[Saved data entries]
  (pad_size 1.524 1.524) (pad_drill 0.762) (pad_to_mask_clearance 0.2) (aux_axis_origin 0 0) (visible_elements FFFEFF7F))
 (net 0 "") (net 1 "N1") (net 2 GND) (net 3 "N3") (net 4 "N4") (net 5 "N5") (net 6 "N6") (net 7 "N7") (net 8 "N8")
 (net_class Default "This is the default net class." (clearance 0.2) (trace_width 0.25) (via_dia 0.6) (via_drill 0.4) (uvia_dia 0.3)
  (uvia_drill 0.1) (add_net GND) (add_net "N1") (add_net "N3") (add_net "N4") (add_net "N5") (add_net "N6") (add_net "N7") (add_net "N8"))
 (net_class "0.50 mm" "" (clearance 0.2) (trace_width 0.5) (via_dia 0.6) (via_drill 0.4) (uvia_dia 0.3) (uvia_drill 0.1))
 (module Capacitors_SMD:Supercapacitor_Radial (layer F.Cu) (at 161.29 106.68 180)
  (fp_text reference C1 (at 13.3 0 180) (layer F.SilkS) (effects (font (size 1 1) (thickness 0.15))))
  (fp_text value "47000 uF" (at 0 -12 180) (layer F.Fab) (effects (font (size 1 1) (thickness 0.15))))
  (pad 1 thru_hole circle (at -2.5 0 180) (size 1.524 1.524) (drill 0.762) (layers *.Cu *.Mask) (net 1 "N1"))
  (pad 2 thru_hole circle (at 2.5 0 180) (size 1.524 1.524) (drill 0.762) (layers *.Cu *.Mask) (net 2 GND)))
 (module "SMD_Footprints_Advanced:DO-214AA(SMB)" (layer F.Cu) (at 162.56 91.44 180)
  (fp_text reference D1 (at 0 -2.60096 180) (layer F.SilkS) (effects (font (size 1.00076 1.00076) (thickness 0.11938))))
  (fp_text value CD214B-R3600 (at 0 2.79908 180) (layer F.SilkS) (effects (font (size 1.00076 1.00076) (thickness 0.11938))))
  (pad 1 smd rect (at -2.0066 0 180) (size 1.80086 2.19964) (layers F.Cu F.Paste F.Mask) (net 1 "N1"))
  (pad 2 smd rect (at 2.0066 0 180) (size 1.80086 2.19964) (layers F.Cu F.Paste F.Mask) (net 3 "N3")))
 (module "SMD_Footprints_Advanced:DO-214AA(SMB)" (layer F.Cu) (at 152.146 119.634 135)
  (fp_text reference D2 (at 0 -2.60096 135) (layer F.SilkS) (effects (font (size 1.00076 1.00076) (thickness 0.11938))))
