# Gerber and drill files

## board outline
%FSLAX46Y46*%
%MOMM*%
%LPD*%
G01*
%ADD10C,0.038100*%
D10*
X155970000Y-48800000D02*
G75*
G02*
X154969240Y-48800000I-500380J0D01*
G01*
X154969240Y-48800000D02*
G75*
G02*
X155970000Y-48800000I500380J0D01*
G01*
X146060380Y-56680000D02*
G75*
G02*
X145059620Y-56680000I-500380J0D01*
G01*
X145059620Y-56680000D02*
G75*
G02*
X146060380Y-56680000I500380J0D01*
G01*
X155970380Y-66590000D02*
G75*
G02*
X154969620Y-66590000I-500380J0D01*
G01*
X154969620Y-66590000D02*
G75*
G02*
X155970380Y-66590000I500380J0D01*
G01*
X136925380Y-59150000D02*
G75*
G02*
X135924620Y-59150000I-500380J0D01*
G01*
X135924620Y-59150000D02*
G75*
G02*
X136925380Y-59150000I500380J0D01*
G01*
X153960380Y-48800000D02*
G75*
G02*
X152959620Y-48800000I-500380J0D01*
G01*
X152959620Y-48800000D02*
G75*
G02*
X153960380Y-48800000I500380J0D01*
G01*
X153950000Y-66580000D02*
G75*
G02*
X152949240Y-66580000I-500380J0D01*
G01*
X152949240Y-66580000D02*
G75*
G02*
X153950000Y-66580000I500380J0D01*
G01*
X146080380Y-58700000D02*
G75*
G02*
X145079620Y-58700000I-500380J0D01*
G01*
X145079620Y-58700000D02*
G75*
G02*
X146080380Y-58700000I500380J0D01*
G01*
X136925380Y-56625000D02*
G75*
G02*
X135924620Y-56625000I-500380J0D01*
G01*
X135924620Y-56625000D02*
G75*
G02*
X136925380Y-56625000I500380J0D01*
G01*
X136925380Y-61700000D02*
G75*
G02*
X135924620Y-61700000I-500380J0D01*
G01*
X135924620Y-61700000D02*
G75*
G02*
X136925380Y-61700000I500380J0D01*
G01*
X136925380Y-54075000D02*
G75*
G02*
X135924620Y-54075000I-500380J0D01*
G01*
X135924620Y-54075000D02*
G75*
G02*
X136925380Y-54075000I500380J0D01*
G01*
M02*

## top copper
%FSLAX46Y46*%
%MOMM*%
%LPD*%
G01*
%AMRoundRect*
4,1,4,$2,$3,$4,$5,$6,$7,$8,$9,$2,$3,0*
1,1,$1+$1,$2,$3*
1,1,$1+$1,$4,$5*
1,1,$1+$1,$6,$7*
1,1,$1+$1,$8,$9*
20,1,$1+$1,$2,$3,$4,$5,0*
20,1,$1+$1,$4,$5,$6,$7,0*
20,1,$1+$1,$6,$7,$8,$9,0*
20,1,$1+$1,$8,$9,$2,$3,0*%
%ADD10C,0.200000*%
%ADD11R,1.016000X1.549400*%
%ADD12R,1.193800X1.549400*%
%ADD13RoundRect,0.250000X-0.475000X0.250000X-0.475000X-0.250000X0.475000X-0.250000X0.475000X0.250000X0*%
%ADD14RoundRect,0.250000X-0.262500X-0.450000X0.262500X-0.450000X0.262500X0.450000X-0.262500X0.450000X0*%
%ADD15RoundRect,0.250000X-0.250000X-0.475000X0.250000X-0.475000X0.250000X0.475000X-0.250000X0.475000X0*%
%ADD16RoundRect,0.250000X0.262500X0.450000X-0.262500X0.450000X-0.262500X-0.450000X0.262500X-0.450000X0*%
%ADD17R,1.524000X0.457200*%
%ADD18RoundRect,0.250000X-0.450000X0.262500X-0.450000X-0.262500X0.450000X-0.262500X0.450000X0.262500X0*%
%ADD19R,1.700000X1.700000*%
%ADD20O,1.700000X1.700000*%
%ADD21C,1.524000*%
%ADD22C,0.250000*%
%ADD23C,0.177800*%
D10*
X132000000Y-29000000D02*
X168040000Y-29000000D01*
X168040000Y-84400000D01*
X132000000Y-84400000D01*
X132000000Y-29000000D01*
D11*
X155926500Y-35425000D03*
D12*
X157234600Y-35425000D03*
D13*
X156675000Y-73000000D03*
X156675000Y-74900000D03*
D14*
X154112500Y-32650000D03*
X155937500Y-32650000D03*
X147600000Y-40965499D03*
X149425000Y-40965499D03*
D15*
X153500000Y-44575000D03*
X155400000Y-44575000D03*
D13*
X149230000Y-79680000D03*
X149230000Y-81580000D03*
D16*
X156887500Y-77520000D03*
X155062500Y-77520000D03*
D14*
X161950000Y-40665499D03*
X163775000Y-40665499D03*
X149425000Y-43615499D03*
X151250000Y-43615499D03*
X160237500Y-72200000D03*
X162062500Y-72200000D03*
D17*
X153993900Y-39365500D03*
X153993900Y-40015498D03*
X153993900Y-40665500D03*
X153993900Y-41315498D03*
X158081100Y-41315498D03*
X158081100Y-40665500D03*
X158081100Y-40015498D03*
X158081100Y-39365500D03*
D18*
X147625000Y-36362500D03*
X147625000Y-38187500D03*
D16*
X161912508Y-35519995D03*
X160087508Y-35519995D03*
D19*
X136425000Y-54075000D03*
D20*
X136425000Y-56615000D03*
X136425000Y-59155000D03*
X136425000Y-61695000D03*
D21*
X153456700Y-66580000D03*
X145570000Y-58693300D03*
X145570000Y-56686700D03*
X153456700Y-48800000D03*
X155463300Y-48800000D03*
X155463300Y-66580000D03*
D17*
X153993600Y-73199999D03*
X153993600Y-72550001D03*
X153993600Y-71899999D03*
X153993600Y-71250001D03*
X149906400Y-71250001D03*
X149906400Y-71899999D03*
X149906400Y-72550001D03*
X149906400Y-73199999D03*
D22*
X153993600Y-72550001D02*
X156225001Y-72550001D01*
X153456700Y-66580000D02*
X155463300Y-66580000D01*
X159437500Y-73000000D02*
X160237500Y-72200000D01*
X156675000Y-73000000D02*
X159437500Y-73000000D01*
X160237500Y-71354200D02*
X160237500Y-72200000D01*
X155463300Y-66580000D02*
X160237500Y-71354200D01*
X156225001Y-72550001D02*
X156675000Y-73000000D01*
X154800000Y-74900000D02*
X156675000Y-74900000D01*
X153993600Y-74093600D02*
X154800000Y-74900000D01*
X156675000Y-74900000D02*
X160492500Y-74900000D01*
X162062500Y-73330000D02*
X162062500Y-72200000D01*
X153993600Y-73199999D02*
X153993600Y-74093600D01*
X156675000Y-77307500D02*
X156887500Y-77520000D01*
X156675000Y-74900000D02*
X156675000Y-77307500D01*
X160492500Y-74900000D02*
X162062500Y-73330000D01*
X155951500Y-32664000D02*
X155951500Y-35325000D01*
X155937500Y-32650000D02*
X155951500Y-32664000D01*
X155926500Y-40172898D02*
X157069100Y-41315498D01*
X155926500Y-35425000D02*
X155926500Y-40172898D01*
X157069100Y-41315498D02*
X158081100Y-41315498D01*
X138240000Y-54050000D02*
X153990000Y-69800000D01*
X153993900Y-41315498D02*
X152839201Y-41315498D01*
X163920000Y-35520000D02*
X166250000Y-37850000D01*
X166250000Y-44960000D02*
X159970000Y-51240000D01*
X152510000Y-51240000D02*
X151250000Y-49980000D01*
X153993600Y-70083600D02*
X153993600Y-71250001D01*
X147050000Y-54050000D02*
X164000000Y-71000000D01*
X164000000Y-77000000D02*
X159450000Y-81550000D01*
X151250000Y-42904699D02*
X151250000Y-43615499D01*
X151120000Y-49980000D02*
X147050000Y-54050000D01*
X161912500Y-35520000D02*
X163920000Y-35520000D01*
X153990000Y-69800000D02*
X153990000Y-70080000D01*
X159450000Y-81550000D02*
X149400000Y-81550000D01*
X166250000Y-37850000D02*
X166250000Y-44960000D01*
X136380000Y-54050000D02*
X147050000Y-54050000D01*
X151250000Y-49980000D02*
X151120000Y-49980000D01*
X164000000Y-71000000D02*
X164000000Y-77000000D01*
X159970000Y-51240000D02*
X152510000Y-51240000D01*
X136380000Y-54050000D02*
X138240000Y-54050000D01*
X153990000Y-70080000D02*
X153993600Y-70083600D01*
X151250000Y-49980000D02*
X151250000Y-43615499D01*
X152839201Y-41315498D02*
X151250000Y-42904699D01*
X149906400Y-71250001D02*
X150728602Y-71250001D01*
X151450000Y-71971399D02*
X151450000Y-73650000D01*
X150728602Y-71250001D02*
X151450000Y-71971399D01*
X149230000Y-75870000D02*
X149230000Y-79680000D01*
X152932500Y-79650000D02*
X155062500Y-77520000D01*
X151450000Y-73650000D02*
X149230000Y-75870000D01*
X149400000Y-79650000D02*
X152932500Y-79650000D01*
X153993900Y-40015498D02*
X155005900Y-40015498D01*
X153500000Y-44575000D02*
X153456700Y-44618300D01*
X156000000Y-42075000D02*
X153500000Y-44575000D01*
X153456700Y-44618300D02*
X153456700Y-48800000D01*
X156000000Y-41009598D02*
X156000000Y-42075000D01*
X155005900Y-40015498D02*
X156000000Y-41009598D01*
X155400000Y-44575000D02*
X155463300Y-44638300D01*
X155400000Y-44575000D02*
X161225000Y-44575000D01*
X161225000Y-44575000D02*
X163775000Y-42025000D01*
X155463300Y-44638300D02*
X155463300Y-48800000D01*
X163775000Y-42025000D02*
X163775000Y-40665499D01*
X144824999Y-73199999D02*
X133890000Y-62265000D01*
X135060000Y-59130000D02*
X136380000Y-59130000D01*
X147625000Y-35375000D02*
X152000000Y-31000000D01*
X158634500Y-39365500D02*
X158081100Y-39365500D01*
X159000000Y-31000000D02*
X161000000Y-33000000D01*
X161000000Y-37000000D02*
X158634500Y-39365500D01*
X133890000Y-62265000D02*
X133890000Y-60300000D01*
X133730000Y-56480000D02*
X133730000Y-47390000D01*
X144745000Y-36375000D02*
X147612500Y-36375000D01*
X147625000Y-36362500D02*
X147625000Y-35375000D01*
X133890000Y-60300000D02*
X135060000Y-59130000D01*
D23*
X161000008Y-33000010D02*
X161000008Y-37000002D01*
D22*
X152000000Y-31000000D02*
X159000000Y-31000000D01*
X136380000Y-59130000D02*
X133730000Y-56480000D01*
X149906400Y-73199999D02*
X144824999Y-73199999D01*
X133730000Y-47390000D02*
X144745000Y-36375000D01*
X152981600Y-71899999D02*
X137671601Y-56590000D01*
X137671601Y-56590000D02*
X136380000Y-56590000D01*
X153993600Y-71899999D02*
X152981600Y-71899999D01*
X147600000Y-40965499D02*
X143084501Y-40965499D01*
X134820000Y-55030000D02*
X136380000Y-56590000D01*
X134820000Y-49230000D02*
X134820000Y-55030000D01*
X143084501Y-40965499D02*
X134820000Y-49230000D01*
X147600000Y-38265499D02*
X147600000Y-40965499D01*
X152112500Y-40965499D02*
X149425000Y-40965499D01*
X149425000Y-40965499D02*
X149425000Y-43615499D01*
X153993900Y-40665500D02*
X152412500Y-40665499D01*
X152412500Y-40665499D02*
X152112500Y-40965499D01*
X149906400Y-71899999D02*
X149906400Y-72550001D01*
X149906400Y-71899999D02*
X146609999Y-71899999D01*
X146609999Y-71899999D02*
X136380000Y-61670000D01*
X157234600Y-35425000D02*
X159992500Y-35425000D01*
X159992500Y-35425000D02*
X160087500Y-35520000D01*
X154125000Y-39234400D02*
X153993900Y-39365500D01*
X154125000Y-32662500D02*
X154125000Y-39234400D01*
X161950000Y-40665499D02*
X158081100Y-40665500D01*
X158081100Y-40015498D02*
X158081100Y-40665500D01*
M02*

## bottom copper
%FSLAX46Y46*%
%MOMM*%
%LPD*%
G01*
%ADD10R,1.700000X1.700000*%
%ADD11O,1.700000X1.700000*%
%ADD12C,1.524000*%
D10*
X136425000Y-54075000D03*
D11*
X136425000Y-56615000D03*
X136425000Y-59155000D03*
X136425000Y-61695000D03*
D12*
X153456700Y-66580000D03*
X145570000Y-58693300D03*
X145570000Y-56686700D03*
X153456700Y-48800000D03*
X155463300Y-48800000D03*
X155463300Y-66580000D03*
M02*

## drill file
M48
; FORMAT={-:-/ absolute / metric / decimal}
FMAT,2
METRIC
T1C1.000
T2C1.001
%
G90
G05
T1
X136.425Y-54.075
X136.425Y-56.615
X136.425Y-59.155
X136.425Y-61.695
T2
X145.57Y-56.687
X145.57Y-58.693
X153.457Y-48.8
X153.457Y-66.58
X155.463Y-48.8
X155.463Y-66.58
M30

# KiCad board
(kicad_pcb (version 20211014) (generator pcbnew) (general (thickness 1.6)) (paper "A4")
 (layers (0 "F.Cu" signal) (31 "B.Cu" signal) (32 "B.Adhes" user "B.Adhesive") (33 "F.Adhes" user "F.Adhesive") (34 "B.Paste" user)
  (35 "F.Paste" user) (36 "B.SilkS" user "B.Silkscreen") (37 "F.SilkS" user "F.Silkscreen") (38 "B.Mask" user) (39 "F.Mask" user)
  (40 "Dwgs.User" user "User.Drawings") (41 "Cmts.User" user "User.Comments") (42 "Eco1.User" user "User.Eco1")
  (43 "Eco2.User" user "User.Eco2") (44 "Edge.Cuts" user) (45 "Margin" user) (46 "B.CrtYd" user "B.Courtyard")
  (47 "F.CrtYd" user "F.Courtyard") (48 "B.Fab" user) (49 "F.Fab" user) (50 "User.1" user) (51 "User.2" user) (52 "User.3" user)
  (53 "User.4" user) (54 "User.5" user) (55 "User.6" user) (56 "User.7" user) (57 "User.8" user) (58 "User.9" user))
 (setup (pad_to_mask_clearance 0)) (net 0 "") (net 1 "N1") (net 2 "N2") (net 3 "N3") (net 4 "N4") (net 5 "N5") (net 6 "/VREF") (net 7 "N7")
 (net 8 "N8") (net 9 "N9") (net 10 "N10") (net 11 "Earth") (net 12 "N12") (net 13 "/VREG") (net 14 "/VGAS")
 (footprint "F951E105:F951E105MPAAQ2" (layer "F.Cu") (at 156.625 35.425)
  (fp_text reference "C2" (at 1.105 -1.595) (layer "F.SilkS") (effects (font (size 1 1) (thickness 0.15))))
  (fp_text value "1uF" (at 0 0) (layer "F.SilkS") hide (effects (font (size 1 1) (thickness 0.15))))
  (pad "1" smd rect (at -0.6985 0) (size 1.016 1.5494) (layers "F.Cu" "F.Paste" "F.Mask") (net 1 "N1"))
  (pad "2" smd rect (at 0.6096 0) (size 1.1938 1.5494) (layers "F.Cu" "F.Paste" "F.Mask") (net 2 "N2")))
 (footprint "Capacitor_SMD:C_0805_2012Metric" (layer "F.Cu") (at 156.675 73.95 -90)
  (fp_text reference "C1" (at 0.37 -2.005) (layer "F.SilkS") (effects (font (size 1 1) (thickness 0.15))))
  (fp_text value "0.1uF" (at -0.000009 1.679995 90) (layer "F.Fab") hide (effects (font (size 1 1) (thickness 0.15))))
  (pad "1" smd roundrect (at -0.95 0 270) (size 1 1.45) (layers "F.Cu" "F.Paste" "F.Mask") (roundrect_rratio 0.25) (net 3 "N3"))
  (pad "2" smd roundrect (at 0.95 0 270) (size 1 1.45) (layers "F.Cu" "F.Paste" "F.Mask") (roundrect_rratio 0.25) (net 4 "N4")))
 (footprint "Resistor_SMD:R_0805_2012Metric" (layer "F.Cu") (at 155.025 32.65)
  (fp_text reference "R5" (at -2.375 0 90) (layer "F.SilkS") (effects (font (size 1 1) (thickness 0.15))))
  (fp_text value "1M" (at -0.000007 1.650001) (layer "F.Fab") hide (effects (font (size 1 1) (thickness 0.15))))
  (pad "1" smd roundrect (at -0.9125 0) (size 1.025 1.4) (layers "F.Cu" "F.Paste" "F.Mask") (roundrect_rratio 0.243902439) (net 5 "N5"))
  (pad "2" smd roundrect (at 0.9125 0) (size 1.025 1.4) (layers "F.Cu" "F.Paste" "F.Mask") (roundrect_rratio 0.243902439) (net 1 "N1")))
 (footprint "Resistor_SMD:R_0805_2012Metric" (layer "F.Cu") (at 148.5125 40.965499)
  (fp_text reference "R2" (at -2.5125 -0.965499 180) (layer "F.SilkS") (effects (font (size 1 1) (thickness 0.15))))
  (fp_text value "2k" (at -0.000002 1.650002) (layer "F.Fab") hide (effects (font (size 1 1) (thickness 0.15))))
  (pad "1" smd roundrect (at -0.9125 0) (size 1.025 1.4) (layers "F.Cu" "F.Paste" "F.Mask") (roundrect_rratio 0.243902439) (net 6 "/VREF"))
  (pad "2" smd roundrect (at 0.9125 0) (size 1.025 1.4) (layers "F.Cu" "F.Paste" "F.Mask") (roundrect_rratio 0.243902439) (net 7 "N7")))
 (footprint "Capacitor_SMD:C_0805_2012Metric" (layer "F.Cu") (at 154.45 44.575)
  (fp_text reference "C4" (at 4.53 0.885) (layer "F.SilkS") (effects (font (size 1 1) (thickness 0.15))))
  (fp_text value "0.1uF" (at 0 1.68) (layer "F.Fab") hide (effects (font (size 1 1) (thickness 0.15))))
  (pad "1" smd roundrect (at -0.95 0) (size 1 1.45) (layers "F.Cu" "F.Paste" "F.Mask") (roundrect_rratio 0.25) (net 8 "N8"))
  (pad "2" smd roundrect (at 0.95 0) (size 1 1.45) (layers "F.Cu" "F.Paste" "F.Mask") (roundrect_rratio 0.25) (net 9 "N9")))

** WHAT IS NEEDED **
Return word for word the lines above from the line with "X164000000Y-77000000D02*" to the line with "X163775000Y-42025000D02*", including both and leaving out all others.

** SOLUTION FOR THIS PROBLEM **
X164000000Y-77000000D02*
X159450000Y-81550000D01*
X151250000Y-42904699D02*
X151250000Y-43615499D01*
X151120000Y-49980000D02*
X147050000Y-54050000D01*
X161912500Y-35520000D02*
X163920000Y-35520000D01*
X153990000Y-69800000D02*
X153990000Y-70080000D01*
X159450000Y-81550000D02*
X149400000Y-81550000D01*
X166250000Y-37850000D02*
X166250000Y-44960000D01*
X136380000Y-54050000D02*
X147050000Y-54050000D01*
X151250000Y-49980000D02*
X151120000Y-49980000D01*
X164000000Y-71000000D02*
X164000000Y-77000000D01*
X159970000Y-51240000D02*
X152510000Y-51240000D01*
X136380000Y-54050000D02*
X138240000Y-54050000D01*
X153990000Y-70080000D02*
X153993600Y-70083600D01*
X151250000Y-49980000D02*
X151250000Y-43615499D01*
X152839201Y-41315498D02*
X151250000Y-42904699D01*
X149906400Y-71250001D02*
X150728602Y-71250001D01*
X151450000Y-71971399D02*
X151450000Y-73650000D01*
X150728602Y-71250001D02*
X151450000Y-71971399D01*
X149230000Y-75870000D02*
X149230000Y-79680000D01*
X152932500Y-79650000D02*
X155062500Y-77520000D01*
X151450000Y-73650000D02*
X149230000Y-75870000D01*
X149400000Y-79650000D02*
X152932500Y-79650000D01*
X153993900Y-40015498D02*
X155005900Y-40015498D01*
X153500000Y-44575000D02*
X153456700Y-44618300D01*
X156000000Y-42075000D02*
X153500000Y-44575000D01*
X153456700Y-44618300D02*
X153456700Y-48800000D01*
X156000000Y-41009598D02*
X156000000Y-42075000D01*
X155005900Y-40015498D02*
X156000000Y-41009598D01*
X155400000Y-44575000D02*
X155463300Y-44638300D01*
X155400000Y-44575000D02*
X161225000Y-44575000D01*
X161225000Y-44575000D02*
X163775000Y-42025000D01*
X155463300Y-44638300D02*
X155463300Y-48800000D01*
X163775000Y-42025000D02*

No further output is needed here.